Would you please copy every line below that includes the string "Courtyard"?
**** The data
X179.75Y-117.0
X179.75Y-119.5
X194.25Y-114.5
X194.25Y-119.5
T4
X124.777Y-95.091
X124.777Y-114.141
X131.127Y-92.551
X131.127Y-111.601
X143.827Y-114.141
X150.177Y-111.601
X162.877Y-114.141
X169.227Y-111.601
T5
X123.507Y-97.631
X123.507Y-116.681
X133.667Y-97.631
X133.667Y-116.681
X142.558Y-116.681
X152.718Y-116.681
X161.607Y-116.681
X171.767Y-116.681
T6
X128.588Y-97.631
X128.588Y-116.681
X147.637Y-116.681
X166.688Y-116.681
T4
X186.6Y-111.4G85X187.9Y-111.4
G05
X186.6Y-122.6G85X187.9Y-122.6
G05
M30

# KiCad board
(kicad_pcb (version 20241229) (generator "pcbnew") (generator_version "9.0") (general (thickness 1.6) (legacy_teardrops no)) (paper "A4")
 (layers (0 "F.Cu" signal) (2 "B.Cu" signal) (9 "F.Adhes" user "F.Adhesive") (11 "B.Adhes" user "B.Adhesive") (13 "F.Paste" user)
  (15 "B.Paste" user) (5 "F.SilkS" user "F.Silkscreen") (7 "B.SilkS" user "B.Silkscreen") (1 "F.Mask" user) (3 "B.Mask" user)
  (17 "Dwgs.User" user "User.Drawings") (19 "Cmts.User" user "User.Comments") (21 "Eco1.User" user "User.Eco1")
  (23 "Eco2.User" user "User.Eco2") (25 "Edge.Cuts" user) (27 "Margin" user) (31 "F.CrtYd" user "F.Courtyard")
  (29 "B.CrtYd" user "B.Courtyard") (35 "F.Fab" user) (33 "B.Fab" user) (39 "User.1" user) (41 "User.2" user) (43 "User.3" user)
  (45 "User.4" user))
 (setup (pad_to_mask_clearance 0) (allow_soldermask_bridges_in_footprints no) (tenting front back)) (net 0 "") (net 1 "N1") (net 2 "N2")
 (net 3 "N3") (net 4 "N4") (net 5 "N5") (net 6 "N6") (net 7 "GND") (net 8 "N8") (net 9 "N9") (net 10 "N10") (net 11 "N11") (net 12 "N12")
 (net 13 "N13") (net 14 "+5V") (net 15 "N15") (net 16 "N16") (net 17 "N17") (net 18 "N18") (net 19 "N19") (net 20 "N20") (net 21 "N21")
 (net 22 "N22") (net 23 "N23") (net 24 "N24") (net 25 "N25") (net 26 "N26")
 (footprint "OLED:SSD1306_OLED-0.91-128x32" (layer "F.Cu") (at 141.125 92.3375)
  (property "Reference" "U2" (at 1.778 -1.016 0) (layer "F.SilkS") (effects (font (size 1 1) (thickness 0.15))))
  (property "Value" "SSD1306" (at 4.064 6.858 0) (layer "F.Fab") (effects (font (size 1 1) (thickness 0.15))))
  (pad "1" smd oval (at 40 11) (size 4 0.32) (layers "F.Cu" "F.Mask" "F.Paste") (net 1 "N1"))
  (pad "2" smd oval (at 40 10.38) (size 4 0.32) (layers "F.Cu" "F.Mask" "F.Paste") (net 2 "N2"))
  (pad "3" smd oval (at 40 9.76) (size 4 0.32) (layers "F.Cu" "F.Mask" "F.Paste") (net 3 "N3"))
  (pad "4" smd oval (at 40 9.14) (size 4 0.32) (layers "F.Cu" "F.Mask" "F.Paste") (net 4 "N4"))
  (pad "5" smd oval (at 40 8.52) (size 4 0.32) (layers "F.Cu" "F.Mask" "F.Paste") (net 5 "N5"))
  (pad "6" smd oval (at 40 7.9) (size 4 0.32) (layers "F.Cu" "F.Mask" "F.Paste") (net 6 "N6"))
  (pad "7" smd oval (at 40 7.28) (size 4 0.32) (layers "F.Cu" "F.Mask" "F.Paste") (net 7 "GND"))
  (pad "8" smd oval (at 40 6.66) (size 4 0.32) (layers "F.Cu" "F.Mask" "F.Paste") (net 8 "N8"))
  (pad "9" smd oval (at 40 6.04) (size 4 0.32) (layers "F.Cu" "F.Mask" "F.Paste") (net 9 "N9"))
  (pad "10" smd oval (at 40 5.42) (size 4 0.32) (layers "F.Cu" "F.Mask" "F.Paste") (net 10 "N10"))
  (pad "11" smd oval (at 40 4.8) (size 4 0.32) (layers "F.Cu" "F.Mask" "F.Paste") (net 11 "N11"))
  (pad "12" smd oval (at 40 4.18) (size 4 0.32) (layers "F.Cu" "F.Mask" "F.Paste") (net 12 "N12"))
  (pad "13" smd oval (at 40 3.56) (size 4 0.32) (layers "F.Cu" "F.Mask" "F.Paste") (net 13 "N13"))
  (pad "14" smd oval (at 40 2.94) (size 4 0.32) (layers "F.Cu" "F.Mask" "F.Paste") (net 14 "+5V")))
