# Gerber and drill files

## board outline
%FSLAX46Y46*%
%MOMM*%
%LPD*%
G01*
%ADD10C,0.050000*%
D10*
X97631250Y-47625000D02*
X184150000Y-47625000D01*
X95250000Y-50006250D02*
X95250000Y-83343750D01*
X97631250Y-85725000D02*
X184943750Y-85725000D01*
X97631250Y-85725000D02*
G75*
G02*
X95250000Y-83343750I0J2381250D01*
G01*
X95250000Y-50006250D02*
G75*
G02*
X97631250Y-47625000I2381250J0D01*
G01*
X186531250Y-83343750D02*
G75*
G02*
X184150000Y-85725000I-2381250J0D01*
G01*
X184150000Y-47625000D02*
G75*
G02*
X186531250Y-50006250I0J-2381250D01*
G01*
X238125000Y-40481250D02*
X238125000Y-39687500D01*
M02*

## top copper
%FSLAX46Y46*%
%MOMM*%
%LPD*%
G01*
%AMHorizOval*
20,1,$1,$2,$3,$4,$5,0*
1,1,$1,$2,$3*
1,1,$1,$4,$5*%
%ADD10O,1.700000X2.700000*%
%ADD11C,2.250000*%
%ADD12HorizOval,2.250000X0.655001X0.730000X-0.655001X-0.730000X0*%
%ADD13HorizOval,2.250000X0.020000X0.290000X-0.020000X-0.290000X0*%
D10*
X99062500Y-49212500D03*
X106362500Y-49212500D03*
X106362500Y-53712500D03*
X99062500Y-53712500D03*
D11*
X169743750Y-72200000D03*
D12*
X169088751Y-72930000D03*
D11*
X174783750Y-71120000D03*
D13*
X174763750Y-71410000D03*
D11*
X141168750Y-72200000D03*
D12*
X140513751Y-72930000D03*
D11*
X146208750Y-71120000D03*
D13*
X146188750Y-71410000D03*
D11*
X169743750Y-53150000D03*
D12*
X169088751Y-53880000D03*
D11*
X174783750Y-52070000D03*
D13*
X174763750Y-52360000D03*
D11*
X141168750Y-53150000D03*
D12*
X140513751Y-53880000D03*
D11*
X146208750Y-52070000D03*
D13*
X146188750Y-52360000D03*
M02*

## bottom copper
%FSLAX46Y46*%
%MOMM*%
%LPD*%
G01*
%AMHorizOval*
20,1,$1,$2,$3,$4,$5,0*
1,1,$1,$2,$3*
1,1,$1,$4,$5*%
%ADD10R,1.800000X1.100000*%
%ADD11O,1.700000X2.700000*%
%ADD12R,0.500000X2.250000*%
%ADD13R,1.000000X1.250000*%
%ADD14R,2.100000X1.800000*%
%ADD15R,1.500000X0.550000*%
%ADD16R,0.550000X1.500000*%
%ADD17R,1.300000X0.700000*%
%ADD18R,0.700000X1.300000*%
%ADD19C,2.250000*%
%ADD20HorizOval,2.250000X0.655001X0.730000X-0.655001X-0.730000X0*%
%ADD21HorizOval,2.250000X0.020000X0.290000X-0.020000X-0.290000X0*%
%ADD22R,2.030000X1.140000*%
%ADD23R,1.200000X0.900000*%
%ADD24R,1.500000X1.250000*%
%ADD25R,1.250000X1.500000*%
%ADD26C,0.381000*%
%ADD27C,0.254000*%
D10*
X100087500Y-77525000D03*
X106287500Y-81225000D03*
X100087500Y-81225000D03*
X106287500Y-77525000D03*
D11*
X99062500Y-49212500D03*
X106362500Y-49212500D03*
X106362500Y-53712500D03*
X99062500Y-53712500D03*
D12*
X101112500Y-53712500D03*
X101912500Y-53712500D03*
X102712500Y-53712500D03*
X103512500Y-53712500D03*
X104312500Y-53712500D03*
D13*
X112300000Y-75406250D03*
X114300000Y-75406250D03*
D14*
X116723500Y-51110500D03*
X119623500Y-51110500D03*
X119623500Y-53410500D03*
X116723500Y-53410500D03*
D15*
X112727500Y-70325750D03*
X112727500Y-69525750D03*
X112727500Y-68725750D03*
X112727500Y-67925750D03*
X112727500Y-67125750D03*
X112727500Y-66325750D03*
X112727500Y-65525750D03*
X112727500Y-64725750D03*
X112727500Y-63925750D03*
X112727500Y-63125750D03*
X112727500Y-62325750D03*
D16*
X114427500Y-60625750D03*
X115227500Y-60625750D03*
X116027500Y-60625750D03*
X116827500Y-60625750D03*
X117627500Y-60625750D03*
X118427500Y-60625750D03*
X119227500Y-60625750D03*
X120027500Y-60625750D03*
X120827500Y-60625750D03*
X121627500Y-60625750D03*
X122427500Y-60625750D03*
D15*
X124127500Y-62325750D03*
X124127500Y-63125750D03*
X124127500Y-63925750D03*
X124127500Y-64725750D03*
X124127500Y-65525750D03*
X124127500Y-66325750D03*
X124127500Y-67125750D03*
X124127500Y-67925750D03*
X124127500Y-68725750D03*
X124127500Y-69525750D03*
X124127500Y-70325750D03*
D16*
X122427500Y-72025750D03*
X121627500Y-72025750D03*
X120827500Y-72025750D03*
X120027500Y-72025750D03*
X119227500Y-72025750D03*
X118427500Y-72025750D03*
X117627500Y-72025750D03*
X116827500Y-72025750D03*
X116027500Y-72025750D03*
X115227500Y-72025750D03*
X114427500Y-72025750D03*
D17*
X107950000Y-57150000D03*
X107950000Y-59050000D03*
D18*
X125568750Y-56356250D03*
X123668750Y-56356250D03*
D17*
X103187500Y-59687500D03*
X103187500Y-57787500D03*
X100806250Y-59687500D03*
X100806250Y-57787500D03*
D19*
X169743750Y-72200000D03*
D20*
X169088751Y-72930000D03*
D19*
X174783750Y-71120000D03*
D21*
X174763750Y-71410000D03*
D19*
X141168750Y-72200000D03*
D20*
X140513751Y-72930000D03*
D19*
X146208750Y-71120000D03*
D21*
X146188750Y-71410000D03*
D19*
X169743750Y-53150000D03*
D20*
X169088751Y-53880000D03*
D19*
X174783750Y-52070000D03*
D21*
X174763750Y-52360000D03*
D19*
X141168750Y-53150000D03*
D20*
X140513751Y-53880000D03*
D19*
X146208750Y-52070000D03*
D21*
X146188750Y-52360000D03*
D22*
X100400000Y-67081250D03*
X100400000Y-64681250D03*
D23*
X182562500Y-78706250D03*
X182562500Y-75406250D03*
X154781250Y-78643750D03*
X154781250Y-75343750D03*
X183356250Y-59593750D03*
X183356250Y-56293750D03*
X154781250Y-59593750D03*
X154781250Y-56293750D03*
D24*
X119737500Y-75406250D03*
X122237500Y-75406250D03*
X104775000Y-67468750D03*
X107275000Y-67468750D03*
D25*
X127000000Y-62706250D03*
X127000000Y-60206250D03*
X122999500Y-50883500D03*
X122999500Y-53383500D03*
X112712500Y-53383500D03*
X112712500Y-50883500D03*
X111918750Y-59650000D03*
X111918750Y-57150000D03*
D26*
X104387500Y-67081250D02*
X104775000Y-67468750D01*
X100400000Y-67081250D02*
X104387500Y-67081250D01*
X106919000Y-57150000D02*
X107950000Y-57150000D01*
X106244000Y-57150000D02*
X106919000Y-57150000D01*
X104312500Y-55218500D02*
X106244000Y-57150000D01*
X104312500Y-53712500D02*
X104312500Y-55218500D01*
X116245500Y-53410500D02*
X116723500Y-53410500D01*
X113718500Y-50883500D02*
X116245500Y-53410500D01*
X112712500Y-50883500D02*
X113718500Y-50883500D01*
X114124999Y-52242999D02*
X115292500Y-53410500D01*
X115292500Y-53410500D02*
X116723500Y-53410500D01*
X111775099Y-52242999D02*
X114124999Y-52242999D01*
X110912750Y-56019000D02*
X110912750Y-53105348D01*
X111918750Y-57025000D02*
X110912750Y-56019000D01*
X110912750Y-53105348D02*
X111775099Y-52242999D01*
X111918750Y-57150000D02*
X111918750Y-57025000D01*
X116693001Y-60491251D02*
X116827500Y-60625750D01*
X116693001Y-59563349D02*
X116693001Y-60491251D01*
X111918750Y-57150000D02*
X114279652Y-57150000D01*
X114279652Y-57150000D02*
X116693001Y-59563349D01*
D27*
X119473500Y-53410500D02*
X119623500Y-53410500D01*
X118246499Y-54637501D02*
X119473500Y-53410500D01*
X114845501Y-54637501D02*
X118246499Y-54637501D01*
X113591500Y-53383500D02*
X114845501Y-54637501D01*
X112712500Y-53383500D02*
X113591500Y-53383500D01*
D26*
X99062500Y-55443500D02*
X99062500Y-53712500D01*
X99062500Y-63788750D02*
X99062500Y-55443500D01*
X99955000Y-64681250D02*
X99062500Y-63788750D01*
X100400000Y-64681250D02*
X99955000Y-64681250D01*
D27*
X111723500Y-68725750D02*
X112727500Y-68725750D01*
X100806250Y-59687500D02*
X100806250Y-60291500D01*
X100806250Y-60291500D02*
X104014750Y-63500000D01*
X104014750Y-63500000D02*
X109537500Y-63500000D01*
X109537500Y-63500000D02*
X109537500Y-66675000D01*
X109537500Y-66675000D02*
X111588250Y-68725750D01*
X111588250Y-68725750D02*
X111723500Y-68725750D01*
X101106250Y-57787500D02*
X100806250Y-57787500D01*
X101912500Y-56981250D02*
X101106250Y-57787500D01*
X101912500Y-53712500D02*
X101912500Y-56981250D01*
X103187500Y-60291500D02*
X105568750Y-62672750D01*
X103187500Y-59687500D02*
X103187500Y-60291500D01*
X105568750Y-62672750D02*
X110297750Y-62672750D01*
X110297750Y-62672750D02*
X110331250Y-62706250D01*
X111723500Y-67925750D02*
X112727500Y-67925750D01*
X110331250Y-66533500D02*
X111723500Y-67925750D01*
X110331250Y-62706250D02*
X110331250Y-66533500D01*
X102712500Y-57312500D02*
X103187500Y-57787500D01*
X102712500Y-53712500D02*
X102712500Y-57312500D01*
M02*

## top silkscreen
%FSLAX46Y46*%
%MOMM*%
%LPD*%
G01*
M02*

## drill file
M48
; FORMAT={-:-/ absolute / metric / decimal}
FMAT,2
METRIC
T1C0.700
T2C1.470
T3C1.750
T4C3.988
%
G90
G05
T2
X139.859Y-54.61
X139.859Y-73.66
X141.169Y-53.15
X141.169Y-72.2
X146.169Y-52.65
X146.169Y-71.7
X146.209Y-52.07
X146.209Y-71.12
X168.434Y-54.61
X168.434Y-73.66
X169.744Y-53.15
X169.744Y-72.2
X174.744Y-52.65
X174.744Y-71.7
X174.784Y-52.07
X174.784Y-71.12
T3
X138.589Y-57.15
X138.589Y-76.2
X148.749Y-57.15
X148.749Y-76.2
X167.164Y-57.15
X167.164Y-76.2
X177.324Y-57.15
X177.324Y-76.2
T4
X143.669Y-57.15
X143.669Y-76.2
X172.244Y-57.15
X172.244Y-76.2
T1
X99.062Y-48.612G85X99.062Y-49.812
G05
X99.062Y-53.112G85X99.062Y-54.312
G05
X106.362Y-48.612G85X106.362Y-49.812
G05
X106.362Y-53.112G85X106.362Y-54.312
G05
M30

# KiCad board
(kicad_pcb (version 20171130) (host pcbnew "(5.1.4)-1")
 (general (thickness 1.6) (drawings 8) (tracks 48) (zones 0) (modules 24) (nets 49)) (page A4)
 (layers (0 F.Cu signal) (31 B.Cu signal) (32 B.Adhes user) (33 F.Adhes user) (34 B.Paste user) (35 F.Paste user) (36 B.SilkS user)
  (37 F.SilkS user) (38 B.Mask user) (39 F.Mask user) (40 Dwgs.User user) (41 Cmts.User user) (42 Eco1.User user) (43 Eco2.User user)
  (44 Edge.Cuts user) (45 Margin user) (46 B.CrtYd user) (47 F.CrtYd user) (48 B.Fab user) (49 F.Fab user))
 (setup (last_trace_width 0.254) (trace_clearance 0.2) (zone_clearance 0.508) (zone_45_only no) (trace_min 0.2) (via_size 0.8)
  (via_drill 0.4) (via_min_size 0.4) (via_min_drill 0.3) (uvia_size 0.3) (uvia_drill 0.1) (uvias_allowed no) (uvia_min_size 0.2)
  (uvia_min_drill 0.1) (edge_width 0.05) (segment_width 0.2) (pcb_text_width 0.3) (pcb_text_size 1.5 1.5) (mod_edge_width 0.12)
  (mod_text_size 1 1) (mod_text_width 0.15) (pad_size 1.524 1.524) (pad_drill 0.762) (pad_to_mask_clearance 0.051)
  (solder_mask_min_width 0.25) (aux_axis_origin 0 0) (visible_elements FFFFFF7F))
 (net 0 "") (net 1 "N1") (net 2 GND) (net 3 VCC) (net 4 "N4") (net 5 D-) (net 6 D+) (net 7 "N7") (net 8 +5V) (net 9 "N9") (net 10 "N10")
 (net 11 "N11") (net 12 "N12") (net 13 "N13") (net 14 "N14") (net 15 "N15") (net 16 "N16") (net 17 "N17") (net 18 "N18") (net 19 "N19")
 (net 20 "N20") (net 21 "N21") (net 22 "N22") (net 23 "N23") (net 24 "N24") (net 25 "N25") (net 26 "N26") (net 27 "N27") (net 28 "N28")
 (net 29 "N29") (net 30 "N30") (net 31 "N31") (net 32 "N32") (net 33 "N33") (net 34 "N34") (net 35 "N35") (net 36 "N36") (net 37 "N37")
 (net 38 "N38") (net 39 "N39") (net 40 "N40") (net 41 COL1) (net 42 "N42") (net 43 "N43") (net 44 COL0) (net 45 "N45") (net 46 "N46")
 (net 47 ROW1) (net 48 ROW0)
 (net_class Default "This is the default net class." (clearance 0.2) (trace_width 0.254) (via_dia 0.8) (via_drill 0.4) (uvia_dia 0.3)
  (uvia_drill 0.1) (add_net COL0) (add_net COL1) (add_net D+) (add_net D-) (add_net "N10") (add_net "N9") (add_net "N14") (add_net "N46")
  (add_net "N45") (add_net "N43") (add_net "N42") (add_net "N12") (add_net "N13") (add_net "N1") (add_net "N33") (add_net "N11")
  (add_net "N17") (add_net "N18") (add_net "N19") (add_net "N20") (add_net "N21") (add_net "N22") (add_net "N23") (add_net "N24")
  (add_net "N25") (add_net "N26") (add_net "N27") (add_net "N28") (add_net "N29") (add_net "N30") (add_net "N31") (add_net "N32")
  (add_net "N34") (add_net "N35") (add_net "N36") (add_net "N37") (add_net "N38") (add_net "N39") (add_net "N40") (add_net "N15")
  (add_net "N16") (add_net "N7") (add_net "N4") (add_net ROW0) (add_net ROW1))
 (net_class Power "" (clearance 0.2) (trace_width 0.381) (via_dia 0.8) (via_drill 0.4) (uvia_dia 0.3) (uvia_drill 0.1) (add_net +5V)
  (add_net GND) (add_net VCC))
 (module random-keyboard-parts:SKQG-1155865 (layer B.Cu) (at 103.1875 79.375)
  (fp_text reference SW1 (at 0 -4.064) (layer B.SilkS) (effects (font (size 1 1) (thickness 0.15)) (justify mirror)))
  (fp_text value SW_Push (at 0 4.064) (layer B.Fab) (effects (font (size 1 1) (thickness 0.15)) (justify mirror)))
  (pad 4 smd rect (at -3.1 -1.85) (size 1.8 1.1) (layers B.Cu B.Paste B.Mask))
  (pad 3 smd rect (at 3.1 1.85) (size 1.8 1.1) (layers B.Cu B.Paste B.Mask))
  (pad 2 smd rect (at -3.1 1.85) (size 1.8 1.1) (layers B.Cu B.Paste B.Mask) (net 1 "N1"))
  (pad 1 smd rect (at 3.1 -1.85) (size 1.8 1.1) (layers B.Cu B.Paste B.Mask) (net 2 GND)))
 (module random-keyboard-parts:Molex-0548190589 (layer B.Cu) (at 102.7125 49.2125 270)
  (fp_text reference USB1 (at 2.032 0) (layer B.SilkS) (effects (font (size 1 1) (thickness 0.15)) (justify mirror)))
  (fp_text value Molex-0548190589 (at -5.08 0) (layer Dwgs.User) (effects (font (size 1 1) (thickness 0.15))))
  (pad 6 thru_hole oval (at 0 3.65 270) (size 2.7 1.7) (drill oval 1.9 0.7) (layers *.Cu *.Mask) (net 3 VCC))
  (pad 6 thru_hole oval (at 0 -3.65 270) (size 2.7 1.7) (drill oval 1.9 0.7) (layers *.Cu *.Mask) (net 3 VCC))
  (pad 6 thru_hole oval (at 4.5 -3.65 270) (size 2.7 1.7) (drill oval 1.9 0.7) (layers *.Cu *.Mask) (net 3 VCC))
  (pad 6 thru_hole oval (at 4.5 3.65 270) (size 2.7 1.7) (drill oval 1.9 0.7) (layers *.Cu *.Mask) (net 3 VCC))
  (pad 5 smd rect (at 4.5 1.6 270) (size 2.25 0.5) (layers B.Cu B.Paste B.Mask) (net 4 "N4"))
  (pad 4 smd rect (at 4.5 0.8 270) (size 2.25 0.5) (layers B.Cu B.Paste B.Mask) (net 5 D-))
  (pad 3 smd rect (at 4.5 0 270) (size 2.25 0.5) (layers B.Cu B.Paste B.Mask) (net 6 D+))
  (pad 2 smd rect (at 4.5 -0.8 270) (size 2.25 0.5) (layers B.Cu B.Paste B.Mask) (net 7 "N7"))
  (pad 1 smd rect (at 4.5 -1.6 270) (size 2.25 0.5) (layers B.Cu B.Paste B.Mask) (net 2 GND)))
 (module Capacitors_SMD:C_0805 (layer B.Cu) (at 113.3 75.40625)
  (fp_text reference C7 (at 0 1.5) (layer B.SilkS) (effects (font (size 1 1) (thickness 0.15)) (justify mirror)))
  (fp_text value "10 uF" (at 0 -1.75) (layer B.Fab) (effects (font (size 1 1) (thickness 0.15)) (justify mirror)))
********
Result>
  (23 "Eco2.User" user "User.Eco2") (25 "Edge.Cuts" user) (27 "Margin" user) (31 "F.CrtYd" user "F.Courtyard")
  (29 "B.CrtYd" user "B.Courtyard") (35 "F.Fab" user) (33 "B.Fab" user) (39 "User.1" user) (41 "User.2" user) (43 "User.3" user)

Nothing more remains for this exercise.